Quantum seppuku: Becoming a Japanese vampire

In order to become a vampire, you must die. Except you don’t simply expire—you’re undead, the living dead. To choose to become a vampire is to choose this undeath. You, unlike Schrödinger’s Cat, commit quantum suicide, dying without dying, attaining subjective immortality.

What has this to do with language? According to the narrative collective-assimilation hypothesis (Gabriel & Young, 2011) and other research, when you read a text narrative about a collective, including groups of fantastical beings such as vampires, your empathy is increased in specific and general ways, and you self-identify with the characters, psychologically becoming a member of their collective, taking on their traits; this identification creates a sense of belonging which increases positive mood and life satisfaction.

To connect this to language learning, when you empathize and identify with a sociopolitical group while learning its language, you develop a more permeable language identity, or language ego, which aids acquisition and causes factors such as your accent to become closer to that of the target group’s language (Ibrahim, et al., 2008).
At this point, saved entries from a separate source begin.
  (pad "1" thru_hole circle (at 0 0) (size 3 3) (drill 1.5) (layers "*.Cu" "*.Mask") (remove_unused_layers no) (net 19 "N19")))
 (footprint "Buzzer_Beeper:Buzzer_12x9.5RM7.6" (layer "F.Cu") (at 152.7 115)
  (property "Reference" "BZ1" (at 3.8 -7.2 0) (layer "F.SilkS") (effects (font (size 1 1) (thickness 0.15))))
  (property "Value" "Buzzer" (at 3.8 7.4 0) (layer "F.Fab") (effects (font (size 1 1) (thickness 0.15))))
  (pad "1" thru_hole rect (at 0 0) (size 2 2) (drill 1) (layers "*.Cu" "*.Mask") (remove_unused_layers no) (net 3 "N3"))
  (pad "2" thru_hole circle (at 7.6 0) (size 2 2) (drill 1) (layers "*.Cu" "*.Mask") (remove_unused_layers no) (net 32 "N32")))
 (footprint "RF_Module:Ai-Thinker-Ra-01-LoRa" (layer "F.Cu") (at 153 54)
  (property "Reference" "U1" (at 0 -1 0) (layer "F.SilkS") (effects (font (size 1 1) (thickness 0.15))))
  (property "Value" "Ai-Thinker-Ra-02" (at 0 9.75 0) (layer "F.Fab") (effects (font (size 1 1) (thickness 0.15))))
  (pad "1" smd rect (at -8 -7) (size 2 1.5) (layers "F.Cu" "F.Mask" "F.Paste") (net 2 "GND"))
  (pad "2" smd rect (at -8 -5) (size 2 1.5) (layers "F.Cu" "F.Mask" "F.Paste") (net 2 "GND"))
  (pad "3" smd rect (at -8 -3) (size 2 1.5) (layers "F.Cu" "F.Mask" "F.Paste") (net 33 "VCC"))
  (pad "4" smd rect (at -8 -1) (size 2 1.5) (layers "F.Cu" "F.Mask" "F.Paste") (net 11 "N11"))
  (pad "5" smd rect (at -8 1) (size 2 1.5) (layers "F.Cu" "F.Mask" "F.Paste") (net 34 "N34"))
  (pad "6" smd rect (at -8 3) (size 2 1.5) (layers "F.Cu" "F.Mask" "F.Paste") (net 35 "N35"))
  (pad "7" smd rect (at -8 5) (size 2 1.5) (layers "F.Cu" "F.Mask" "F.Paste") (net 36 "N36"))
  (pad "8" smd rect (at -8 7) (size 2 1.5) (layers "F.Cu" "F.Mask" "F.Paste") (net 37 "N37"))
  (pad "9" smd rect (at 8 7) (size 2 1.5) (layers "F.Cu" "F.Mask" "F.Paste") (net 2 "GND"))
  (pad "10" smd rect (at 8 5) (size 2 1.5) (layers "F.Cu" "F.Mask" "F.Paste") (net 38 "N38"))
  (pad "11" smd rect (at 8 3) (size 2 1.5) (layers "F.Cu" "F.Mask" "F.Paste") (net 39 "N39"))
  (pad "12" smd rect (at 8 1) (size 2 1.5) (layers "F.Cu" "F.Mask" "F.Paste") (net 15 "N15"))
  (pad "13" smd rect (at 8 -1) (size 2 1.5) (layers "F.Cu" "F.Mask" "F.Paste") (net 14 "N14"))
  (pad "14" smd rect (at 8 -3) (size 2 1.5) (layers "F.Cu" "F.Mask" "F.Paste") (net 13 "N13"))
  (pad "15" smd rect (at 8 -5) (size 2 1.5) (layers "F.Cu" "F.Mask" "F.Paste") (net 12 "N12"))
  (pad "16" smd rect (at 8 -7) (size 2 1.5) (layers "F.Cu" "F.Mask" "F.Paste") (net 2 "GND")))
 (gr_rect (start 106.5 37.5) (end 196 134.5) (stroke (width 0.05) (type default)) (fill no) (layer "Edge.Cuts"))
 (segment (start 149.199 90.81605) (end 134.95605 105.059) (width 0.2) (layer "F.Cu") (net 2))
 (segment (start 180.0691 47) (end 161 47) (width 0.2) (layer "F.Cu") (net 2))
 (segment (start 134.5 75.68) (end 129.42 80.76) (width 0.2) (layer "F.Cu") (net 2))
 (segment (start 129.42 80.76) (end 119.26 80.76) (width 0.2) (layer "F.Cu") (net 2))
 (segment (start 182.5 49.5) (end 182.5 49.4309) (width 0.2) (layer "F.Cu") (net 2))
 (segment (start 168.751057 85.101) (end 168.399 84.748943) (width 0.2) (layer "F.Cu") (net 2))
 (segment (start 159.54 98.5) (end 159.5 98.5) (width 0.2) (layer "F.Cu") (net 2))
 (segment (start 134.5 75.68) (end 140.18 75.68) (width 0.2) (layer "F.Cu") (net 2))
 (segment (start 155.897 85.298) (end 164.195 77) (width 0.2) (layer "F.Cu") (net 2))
You can even evaluate the relationship between two language users by examining how well their language styles match (Ireland & Pennebaker, 2010).
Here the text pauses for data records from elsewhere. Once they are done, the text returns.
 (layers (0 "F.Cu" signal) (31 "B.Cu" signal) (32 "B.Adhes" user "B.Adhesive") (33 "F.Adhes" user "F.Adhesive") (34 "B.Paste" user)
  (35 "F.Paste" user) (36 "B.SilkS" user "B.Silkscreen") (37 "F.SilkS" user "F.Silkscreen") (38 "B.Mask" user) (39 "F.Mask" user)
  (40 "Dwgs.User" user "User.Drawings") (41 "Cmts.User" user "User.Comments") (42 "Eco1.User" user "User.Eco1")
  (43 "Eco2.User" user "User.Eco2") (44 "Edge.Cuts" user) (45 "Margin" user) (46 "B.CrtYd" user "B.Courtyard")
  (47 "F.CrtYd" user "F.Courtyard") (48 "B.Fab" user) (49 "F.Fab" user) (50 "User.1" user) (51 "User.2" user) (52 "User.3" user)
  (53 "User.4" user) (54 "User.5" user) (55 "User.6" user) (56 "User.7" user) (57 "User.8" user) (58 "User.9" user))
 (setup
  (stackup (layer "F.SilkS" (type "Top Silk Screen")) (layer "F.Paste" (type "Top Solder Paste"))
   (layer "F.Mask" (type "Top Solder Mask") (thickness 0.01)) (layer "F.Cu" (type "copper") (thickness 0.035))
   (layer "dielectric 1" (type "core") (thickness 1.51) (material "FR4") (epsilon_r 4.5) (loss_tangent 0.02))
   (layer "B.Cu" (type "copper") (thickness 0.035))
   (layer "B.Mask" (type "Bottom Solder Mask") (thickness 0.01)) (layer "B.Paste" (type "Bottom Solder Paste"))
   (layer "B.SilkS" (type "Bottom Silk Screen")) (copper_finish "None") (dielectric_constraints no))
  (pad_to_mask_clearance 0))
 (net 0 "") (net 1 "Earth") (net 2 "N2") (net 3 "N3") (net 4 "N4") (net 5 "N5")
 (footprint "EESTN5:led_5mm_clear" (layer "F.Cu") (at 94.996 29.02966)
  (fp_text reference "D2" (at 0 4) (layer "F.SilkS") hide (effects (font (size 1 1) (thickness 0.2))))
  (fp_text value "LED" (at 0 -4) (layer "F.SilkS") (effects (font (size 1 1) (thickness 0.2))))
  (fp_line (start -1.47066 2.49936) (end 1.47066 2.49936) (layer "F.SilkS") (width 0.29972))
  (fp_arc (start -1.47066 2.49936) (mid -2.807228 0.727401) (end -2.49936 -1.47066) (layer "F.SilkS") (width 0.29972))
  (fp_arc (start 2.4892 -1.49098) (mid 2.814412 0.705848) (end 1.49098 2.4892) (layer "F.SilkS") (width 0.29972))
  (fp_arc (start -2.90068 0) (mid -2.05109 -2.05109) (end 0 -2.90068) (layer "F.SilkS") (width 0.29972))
Studies have also found that having a national identity can aid or impede language learning, depending on how it’s oriented towards zealous patriotism or intercultural empathy, internationalism: how postitively or negatively one’s national identity views the other language’s nationality (Rivers, 2011). Too positive can be just as bad as too negative, imposing a sense of inferiority and resistance (Liu, P., 2010). Proposed solutions to this include providing a learning environment for the language identity that places a positive focus on the individual, acknowledging their L1 skills and usage as they become multilingual, while evading ideology and essentialism (Liu, P., 2010; Rivers, 2010).

The unfortunate flipside to the lighter accent phenomenon is the stigma associated with having a heavier accent. Those with heavier accents are often seen prejudicially as outsiders, associated with particular stereotypical traits (Niedt, 2011), and viewed as less trustworthy (Lev-Ari & Keysar, 2010), with the content and structure of their language judged to be poor and lacking credibility in proportion to the difficulty of listener understanding, regardless of how otherwise well-formed or intelligent it may be. However, being made aware of accent variations, taught to perceive and understand them, and simple education on the difference between communicative competence and accents can mitigate this prejudice of treating the native language user as the norm against which the foreign multilingual is compared (Gluszek, 2011).
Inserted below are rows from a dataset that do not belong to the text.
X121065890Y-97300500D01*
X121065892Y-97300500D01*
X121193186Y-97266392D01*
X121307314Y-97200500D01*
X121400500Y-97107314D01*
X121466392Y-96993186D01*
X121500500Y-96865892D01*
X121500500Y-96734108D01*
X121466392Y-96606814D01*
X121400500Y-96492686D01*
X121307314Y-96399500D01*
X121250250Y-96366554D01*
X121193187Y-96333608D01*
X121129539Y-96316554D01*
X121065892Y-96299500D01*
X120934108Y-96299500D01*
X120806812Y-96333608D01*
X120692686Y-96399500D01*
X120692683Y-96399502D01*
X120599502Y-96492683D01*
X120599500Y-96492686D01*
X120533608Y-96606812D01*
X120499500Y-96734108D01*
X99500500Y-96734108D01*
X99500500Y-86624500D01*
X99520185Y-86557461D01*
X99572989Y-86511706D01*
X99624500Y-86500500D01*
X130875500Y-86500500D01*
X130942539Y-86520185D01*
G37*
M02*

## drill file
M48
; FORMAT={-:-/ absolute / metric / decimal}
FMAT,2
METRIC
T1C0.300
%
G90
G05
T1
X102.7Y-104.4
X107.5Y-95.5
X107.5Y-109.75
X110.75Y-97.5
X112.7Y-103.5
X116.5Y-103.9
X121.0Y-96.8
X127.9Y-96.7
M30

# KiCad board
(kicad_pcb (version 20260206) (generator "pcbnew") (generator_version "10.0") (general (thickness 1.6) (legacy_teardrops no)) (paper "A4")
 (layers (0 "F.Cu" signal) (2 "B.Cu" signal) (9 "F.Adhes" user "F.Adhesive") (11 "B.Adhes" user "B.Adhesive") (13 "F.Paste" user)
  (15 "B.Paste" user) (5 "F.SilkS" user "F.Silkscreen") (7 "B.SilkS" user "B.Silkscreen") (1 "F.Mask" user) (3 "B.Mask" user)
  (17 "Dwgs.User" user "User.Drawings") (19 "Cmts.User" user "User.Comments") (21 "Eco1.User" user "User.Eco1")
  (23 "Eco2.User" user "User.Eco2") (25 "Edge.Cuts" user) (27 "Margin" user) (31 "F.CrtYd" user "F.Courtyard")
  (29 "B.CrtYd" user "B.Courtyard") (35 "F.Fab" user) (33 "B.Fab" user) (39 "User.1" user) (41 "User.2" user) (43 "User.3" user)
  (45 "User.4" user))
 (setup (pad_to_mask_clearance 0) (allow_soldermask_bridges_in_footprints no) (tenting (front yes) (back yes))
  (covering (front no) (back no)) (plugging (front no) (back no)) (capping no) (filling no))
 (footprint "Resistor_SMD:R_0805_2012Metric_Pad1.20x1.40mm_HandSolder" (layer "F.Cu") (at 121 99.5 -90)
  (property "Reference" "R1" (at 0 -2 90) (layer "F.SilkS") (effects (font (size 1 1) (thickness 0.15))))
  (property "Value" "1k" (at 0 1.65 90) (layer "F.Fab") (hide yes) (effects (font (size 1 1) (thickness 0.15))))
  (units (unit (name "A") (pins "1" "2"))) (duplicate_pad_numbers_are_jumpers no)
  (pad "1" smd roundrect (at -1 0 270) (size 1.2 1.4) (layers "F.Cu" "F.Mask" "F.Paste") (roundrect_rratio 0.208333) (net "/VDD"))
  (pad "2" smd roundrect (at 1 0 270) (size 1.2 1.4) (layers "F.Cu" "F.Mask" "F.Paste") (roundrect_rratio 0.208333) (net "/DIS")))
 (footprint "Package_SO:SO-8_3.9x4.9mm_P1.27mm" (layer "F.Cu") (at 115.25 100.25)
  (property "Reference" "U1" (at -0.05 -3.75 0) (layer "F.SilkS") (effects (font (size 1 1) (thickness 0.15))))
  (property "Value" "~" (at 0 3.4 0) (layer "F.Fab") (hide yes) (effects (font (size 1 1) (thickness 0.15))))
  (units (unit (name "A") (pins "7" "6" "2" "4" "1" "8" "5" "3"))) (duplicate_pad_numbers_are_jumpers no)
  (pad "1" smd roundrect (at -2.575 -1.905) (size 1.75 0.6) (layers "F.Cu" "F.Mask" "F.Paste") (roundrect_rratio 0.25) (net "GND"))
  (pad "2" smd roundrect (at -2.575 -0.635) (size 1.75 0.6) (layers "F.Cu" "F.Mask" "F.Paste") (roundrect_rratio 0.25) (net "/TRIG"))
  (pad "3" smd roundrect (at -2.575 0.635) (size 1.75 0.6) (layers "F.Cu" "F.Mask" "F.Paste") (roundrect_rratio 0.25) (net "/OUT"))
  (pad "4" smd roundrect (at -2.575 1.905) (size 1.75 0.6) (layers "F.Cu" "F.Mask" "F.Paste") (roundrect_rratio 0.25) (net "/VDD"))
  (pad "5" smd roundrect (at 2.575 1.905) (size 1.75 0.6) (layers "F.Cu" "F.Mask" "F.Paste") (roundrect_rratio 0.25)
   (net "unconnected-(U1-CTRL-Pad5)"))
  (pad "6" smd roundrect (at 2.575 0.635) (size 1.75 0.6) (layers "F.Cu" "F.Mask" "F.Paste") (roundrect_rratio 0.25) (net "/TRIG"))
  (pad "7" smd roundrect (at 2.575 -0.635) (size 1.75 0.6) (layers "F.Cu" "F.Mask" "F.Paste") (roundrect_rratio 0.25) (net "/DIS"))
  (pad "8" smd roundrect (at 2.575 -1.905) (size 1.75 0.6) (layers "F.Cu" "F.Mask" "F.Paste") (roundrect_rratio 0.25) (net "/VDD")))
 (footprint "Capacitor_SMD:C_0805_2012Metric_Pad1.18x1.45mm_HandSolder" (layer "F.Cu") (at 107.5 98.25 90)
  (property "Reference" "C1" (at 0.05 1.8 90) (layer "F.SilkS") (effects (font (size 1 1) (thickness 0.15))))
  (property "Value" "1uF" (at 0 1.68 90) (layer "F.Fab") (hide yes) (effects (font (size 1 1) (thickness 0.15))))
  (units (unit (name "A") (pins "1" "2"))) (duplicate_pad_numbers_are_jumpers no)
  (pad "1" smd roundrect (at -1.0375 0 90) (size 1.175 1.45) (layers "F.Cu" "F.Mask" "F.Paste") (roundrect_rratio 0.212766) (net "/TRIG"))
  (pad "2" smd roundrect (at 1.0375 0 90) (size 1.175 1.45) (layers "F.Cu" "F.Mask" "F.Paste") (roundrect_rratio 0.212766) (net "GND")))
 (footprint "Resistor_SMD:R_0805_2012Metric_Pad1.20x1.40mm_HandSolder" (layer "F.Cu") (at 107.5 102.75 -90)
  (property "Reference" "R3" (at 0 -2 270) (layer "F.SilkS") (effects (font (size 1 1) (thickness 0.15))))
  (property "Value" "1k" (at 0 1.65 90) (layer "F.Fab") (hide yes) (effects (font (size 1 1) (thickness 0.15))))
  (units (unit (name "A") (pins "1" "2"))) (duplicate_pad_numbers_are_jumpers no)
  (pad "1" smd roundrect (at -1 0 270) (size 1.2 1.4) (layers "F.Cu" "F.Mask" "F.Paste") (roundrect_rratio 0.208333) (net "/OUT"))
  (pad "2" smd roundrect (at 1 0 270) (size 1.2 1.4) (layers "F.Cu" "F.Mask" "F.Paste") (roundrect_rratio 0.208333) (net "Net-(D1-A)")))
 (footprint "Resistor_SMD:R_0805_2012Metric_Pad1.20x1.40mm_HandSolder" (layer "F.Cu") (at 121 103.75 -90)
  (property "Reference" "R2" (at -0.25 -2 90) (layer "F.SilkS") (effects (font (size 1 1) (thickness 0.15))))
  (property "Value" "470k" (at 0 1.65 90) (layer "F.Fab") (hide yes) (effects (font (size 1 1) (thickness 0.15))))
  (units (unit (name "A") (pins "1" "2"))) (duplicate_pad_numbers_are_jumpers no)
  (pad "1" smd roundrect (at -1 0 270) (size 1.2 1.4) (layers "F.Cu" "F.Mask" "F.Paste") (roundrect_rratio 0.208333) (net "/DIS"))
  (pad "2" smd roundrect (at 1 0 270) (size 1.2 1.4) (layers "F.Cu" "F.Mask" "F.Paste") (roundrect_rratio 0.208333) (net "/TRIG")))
As linguists studying language with a global emphasis will tell you, in most of the world multilingualism has become the norm (Bordin & Pinheiro, 2012; Zareva, 2010), not the deviant exception, and learning to appreciate variations of languages such as English is essential in the global era, where, for example, monolingual English speakers can be left bewildered, or bewilder others, at international meetings—even as speakers from diverse multiple countries are able to understand one another, each of them speaking variants of English, based on core, pragmatic aspects of the language that allow them to communicate their concerns effectively (Crystal, 2003). Examining the expressivity and effectiveness of a language variant in itself is optimal, rather than simply labeling it as deficient by comparison to a native version which itself allows for much variation (such as the affirmation of students’ rights to use African American Vernacular English, etc.).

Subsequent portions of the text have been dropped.